Try it => The lines to find are those in the entries that hold the word "setup"; copy every one of them.

Data to process =>

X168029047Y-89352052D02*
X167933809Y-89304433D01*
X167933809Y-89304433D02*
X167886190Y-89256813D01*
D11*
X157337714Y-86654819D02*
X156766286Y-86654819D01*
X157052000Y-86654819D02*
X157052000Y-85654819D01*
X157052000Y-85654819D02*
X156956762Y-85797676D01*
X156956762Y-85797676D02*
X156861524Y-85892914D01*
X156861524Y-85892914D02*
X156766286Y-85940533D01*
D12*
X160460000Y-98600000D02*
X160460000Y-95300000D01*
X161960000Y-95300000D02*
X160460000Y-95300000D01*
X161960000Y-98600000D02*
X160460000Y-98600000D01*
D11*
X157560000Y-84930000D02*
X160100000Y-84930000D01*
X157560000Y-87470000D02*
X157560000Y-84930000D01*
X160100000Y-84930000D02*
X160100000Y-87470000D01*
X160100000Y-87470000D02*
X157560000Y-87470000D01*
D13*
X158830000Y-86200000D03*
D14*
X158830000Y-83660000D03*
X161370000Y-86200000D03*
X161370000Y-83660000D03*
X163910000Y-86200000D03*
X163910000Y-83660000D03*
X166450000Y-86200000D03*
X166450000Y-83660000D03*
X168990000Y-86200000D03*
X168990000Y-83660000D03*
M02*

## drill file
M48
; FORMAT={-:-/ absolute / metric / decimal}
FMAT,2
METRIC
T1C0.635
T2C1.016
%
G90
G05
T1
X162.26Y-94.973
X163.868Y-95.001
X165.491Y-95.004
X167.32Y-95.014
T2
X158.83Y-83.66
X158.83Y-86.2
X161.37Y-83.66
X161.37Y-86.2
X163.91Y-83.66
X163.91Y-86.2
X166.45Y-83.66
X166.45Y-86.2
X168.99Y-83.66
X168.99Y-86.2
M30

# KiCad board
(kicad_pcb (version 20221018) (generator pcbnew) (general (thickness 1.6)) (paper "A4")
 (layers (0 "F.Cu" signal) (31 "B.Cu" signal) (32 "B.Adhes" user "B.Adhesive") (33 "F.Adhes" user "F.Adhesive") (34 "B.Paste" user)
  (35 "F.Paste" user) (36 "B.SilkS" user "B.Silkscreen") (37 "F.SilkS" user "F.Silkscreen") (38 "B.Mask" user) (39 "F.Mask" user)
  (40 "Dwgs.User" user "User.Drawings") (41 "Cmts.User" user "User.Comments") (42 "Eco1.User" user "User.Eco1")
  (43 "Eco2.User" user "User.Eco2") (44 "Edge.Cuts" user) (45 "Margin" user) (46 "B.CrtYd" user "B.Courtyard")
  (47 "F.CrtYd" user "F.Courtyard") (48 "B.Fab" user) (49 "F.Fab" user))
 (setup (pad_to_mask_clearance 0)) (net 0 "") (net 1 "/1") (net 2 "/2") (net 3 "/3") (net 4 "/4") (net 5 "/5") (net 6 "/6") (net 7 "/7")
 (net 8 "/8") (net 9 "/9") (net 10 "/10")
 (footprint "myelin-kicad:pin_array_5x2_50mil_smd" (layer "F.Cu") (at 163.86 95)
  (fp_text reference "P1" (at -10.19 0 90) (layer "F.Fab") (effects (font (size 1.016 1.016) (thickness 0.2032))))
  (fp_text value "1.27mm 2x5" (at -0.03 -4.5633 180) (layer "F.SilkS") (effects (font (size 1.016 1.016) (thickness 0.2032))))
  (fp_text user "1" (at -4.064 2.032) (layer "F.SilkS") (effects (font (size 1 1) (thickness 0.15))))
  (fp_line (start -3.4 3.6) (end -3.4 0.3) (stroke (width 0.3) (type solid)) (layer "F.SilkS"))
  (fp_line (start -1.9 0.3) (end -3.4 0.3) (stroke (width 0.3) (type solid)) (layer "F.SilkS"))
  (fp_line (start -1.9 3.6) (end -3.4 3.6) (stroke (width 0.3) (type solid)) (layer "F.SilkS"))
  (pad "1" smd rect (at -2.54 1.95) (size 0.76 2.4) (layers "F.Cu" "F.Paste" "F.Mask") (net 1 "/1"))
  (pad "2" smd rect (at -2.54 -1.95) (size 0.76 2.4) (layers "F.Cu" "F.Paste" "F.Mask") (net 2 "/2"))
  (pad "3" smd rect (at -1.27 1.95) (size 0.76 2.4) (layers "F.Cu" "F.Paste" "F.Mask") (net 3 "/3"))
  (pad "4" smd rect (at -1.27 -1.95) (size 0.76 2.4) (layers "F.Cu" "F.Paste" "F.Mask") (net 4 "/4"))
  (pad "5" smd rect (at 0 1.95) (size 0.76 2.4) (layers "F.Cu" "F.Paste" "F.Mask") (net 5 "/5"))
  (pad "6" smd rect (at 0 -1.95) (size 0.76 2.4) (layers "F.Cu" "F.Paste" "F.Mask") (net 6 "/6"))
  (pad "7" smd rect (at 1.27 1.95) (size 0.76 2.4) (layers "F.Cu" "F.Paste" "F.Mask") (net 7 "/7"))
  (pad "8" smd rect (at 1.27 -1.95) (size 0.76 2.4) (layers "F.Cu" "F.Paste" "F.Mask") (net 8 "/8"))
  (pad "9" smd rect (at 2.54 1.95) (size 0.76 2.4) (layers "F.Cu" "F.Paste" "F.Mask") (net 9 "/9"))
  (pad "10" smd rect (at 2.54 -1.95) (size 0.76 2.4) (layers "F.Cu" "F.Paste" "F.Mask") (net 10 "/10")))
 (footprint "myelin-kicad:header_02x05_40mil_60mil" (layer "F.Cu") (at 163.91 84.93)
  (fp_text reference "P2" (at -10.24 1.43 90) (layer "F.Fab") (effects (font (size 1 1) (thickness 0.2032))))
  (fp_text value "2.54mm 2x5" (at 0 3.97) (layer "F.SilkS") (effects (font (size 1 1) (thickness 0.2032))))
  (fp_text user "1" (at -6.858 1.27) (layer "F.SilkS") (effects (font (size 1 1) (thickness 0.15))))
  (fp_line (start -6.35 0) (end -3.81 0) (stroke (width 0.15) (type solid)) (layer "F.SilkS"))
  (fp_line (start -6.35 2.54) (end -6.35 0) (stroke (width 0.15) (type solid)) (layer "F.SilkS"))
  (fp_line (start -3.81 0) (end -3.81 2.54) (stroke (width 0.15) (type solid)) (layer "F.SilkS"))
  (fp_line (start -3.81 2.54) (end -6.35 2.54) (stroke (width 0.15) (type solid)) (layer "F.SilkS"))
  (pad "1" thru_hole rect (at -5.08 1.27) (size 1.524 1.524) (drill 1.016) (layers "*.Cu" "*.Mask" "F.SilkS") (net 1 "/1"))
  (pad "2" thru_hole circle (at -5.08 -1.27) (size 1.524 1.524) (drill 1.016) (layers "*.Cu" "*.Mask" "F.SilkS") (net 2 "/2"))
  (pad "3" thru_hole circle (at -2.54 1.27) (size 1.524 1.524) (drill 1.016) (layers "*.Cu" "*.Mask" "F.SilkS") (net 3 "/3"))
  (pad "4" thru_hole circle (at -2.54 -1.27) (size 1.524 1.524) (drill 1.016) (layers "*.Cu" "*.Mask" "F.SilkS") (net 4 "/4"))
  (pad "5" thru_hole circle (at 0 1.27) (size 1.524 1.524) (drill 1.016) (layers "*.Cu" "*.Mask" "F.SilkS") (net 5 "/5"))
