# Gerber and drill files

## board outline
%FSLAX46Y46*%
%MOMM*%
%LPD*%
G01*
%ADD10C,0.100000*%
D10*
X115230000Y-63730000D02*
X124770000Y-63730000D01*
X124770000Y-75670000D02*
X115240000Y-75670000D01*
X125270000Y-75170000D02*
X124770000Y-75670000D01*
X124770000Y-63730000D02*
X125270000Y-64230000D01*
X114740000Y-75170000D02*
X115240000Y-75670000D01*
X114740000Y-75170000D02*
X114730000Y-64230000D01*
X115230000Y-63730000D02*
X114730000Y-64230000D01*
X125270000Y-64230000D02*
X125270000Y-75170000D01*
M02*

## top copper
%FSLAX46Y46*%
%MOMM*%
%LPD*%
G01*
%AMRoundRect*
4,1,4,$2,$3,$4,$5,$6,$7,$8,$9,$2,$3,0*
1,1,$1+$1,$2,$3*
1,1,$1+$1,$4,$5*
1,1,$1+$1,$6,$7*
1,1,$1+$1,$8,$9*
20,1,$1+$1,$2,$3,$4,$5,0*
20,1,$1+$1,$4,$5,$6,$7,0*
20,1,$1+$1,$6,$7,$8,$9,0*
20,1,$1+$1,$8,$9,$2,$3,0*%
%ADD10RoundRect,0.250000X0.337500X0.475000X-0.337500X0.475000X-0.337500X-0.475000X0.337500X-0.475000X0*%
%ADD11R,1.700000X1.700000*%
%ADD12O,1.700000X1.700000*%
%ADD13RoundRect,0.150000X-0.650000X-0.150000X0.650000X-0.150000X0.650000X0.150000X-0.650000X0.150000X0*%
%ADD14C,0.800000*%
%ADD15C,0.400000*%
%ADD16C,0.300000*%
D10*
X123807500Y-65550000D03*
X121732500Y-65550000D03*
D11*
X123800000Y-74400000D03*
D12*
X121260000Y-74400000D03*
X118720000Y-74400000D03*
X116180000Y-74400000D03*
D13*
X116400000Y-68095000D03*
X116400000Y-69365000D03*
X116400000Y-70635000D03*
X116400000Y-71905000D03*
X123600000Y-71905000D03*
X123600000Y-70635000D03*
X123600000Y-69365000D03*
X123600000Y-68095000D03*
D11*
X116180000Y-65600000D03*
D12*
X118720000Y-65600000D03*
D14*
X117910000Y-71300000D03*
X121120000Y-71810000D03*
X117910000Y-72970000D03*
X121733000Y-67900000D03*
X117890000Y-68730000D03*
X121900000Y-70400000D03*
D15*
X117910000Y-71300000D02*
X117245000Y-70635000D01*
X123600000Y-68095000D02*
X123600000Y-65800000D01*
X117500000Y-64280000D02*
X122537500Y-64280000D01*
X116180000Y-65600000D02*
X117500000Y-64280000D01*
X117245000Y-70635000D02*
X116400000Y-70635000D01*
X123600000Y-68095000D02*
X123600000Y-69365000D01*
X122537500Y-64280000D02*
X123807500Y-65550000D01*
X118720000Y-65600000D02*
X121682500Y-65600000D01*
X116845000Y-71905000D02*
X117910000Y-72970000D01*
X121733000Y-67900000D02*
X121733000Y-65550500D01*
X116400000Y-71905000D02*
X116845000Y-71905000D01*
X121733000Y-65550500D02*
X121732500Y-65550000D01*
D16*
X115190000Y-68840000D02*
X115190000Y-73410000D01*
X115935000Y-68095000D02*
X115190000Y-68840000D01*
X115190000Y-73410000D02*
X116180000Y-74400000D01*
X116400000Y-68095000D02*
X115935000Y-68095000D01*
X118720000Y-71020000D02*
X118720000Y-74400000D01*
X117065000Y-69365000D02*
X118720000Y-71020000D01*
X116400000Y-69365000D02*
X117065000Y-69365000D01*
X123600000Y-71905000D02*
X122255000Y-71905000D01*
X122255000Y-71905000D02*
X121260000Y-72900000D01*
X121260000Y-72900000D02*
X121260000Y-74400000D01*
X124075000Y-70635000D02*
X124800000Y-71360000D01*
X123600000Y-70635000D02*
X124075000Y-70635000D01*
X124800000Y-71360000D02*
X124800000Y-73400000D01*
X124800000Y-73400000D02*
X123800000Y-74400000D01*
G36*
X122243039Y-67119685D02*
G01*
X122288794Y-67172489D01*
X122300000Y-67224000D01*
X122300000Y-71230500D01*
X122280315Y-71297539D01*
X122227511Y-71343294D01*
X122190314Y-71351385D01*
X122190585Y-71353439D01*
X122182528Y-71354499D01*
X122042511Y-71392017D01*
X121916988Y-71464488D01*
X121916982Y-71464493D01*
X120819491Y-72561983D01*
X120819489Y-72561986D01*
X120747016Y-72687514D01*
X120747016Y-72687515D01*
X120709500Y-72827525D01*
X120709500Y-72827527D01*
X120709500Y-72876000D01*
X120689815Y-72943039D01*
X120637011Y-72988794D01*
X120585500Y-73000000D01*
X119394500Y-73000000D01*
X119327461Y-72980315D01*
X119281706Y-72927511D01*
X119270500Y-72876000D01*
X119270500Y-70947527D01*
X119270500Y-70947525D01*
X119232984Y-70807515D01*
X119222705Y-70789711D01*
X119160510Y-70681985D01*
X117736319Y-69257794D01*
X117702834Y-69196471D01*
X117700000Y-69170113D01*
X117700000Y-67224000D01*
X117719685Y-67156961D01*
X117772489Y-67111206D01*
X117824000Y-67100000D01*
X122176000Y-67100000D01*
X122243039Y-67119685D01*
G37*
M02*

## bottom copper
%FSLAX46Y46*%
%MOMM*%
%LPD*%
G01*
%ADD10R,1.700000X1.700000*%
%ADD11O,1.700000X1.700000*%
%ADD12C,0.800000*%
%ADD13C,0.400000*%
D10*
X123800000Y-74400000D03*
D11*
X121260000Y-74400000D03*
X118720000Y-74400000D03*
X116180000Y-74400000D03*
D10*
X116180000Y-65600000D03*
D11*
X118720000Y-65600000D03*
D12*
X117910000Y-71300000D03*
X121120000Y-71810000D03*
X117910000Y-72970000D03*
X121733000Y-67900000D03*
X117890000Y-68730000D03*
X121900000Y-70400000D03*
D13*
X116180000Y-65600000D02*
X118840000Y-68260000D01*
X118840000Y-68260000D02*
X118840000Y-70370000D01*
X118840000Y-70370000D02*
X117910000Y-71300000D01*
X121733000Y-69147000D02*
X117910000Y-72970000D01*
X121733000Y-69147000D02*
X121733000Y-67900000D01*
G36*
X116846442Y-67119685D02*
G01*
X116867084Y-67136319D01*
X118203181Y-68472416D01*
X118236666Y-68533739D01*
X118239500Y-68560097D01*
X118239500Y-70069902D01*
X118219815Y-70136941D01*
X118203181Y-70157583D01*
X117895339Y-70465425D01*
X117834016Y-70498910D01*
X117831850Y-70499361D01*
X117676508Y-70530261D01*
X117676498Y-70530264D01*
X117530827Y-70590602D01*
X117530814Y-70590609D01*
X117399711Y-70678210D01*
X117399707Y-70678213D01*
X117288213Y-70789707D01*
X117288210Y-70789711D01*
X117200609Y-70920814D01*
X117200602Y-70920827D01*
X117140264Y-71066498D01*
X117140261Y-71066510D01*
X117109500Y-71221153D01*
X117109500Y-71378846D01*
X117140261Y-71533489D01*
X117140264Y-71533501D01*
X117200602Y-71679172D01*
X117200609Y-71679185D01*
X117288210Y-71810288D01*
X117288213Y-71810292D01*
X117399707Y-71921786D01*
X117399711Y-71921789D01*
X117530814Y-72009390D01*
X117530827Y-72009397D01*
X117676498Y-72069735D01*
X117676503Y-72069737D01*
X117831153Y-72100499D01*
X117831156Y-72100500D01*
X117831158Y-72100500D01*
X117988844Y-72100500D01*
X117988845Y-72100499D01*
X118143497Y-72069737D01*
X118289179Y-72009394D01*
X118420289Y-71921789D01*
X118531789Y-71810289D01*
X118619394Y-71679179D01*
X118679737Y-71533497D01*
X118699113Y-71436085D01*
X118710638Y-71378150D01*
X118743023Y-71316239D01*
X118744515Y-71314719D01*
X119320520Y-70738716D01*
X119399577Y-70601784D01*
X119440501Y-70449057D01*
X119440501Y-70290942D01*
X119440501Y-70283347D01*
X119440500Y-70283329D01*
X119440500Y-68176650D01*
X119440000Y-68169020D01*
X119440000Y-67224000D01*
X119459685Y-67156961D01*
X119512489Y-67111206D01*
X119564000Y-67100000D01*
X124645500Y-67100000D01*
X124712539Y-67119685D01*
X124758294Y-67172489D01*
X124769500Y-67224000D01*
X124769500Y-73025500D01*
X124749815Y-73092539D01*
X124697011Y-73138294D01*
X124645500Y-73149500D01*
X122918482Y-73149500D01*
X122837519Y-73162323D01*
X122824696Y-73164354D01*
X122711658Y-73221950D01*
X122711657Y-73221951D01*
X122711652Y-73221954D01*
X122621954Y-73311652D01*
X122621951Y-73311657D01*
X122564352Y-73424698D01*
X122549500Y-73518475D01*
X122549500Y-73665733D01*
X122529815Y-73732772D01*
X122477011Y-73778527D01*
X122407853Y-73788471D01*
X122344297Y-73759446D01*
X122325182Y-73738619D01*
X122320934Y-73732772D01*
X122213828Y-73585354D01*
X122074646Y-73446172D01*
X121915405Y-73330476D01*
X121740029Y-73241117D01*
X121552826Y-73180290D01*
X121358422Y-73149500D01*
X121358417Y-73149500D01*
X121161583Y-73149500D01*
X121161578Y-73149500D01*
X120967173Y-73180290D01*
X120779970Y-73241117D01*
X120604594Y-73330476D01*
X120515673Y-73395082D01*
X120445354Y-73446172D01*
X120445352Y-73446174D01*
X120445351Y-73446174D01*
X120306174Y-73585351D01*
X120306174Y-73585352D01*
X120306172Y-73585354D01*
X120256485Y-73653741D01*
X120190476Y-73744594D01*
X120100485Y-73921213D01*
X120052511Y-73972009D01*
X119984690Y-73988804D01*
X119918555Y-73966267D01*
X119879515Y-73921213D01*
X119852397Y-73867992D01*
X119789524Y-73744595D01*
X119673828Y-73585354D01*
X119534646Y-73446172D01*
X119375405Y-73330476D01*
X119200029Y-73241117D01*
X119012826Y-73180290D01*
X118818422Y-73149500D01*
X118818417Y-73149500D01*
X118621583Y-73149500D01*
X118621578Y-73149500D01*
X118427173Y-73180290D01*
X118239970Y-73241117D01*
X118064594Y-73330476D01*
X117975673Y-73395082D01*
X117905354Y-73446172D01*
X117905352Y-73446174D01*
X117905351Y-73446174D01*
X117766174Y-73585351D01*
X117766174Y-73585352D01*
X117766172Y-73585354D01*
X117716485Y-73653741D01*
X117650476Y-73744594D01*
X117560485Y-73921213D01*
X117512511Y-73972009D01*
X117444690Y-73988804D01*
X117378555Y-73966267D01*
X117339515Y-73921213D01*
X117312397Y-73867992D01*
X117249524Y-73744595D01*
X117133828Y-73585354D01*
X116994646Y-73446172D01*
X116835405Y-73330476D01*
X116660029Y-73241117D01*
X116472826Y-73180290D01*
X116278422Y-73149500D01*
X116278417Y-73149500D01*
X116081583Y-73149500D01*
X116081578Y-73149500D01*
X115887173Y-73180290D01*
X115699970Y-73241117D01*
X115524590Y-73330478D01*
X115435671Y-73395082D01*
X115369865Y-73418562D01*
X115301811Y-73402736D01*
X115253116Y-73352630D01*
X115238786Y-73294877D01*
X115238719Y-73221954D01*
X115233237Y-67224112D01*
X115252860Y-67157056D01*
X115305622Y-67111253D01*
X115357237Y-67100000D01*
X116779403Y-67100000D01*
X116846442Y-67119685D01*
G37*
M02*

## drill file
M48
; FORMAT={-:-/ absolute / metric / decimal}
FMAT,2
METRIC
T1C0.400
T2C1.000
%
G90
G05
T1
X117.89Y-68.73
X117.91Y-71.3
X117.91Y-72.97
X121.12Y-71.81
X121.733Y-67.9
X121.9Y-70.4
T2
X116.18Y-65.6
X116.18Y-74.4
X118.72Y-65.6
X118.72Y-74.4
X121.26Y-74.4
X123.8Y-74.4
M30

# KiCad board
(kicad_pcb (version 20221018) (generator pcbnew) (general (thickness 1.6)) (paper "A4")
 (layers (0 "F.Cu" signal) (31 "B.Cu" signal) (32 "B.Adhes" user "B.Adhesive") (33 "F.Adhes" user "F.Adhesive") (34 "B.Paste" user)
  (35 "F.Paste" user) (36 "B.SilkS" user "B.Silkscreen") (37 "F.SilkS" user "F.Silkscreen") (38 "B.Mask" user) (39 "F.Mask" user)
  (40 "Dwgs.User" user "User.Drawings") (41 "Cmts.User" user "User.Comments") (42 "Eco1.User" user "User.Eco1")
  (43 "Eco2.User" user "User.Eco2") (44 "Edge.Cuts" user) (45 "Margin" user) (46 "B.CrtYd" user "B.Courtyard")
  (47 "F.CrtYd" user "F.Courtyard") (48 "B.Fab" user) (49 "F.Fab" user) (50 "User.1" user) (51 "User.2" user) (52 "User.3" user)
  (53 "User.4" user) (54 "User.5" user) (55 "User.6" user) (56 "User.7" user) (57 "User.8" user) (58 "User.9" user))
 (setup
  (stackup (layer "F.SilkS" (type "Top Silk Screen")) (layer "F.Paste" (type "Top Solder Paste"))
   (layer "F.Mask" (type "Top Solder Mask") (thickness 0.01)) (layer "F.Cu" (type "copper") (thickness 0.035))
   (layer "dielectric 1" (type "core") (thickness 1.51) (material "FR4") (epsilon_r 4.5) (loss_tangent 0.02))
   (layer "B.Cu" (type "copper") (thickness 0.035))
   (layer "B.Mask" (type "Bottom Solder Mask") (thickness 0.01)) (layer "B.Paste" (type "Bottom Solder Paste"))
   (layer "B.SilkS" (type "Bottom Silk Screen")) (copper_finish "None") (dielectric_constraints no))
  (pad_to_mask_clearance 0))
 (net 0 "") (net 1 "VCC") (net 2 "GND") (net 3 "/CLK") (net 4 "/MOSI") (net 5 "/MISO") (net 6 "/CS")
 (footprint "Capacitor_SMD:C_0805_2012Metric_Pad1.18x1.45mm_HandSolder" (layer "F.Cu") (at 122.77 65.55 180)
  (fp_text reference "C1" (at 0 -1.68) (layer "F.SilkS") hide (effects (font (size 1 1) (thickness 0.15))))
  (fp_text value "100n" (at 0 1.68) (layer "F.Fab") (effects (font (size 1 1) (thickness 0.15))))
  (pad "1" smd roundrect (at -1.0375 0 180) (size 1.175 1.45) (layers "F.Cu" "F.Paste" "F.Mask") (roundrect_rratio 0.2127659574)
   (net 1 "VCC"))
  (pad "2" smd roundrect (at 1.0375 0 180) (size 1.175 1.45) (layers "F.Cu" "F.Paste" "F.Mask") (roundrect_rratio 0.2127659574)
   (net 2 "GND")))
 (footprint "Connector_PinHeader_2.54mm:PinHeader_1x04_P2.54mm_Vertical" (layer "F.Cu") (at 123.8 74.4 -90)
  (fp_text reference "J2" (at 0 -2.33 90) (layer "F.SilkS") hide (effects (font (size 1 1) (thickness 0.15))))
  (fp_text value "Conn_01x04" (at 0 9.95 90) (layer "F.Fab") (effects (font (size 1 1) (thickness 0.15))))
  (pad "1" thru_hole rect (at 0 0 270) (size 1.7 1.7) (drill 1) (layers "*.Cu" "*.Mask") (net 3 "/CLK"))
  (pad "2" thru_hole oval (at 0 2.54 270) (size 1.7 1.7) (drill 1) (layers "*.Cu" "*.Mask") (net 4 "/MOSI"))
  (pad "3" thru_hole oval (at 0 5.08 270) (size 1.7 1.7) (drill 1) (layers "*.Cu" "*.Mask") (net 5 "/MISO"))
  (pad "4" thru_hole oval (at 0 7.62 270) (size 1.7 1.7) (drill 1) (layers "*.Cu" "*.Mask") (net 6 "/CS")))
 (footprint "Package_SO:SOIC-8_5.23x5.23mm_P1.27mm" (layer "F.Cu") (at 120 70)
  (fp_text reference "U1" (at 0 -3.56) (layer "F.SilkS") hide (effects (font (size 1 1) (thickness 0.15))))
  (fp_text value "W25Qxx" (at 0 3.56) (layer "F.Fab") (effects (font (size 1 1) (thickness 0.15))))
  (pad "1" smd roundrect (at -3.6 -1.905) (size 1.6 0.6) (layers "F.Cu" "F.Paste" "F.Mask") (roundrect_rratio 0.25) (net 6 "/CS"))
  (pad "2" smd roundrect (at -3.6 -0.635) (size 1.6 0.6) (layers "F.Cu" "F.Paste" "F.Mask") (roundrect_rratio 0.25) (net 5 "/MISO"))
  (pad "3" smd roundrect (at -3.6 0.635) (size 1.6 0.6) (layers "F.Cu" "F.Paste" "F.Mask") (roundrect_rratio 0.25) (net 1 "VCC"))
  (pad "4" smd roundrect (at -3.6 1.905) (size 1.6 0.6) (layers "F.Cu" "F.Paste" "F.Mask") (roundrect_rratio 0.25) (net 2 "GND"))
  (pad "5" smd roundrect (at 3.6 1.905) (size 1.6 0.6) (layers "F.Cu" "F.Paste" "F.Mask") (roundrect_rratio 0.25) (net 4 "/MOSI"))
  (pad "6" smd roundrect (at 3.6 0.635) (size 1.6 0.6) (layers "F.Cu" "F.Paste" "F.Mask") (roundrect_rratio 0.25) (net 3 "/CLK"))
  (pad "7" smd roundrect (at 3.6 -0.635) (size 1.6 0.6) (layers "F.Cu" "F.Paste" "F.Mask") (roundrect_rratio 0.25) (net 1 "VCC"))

Result of the exercise =>
 (setup (pad_to_mask_clearance 0)) (net 0 "") (net 1 "/1") (net 2 "/2") (net 3 "/3") (net 4 "/4") (net 5 "/5") (net 6 "/6") (net 7 "/7")
 (setup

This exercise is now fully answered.